» What needs to be done
Reproduce every record exactly as given.
***** Materials provided
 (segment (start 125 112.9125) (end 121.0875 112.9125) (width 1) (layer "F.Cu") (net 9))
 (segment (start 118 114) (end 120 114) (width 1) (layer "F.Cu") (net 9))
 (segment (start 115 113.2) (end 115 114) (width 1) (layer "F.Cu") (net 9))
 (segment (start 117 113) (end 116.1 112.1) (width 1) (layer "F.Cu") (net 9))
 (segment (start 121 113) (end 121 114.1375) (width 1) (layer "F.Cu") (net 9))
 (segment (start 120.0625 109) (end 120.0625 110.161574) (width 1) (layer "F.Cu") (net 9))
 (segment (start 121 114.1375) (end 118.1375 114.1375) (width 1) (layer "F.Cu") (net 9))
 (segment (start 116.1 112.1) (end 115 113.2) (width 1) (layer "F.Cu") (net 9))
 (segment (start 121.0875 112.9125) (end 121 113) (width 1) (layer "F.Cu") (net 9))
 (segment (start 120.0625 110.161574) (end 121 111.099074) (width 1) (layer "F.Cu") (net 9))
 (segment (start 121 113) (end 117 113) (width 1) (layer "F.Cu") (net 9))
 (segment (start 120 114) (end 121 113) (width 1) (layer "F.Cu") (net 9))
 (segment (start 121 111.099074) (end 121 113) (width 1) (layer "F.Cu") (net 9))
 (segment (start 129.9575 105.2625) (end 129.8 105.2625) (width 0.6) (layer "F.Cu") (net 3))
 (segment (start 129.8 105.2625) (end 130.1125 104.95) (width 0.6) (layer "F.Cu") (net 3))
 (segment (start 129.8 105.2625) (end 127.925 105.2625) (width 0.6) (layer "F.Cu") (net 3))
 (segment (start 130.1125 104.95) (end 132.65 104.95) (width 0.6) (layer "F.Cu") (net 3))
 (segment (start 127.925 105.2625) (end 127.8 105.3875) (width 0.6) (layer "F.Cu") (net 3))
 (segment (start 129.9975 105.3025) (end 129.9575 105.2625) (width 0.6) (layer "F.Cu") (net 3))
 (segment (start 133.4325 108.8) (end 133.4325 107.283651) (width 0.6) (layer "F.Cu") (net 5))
**********
» Written answer
 (segment (start 125 112.9125) (end 121.0875 112.9125) (width 1) (layer "F.Cu") (net 9))
 (segment (start 118 114) (end 120 114) (width 1) (layer "F.Cu") (net 9))
 (segment (start 115 113.2) (end 115 114) (width 1) (layer "F.Cu") (net 9))
 (segment (start 117 113) (end 116.1 112.1) (width 1) (layer "F.Cu") (net 9))
 (segment (start 121 113) (end 121 114.1375) (width 1) (layer "F.Cu") (net 9))
 (segment (start 120.0625 109) (end 120.0625 110.161574) (width 1) (layer "F.Cu") (net 9))
 (segment (start 121 114.1375) (end 118.1375 114.1375) (width 1) (layer "F.Cu") (net 9))
 (segment (start 116.1 112.1) (end 115 113.2) (width 1) (layer "F.Cu") (net 9))
 (segment (start 121.0875 112.9125) (end 121 113) (width 1) (layer "F.Cu") (net 9))
 (segment (start 120.0625 110.161574) (end 121 111.099074) (width 1) (layer "F.Cu") (net 9))
 (segment (start 121 113) (end 117 113) (width 1) (layer "F.Cu") (net 9))
 (segment (start 120 114) (end 121 113) (width 1) (layer "F.Cu") (net 9))
 (segment (start 121 111.099074) (end 121 113) (width 1) (layer "F.Cu") (net 9))
 (segment (start 129.9575 105.2625) (end 129.8 105.2625) (width 0.6) (layer "F.Cu") (net 3))
 (segment (start 129.8 105.2625) (end 130.1125 104.95) (width 0.6) (layer "F.Cu") (net 3))
 (segment (start 129.8 105.2625) (end 127.925 105.2625) (width 0.6) (layer "F.Cu") (net 3))
 (segment (start 130.1125 104.95) (end 132.65 104.95) (width 0.6) (layer "F.Cu") (net 3))
 (segment (start 127.925 105.2625) (end 127.8 105.3875) (width 0.6) (layer "F.Cu") (net 3))
 (segment (start 129.9975 105.3025) (end 129.9575 105.2625) (width 0.6) (layer "F.Cu") (net 3))
 (segment (start 133.4325 108.8) (end 133.4325 107.283651) (width 0.6) (layer "F.Cu") (net 5))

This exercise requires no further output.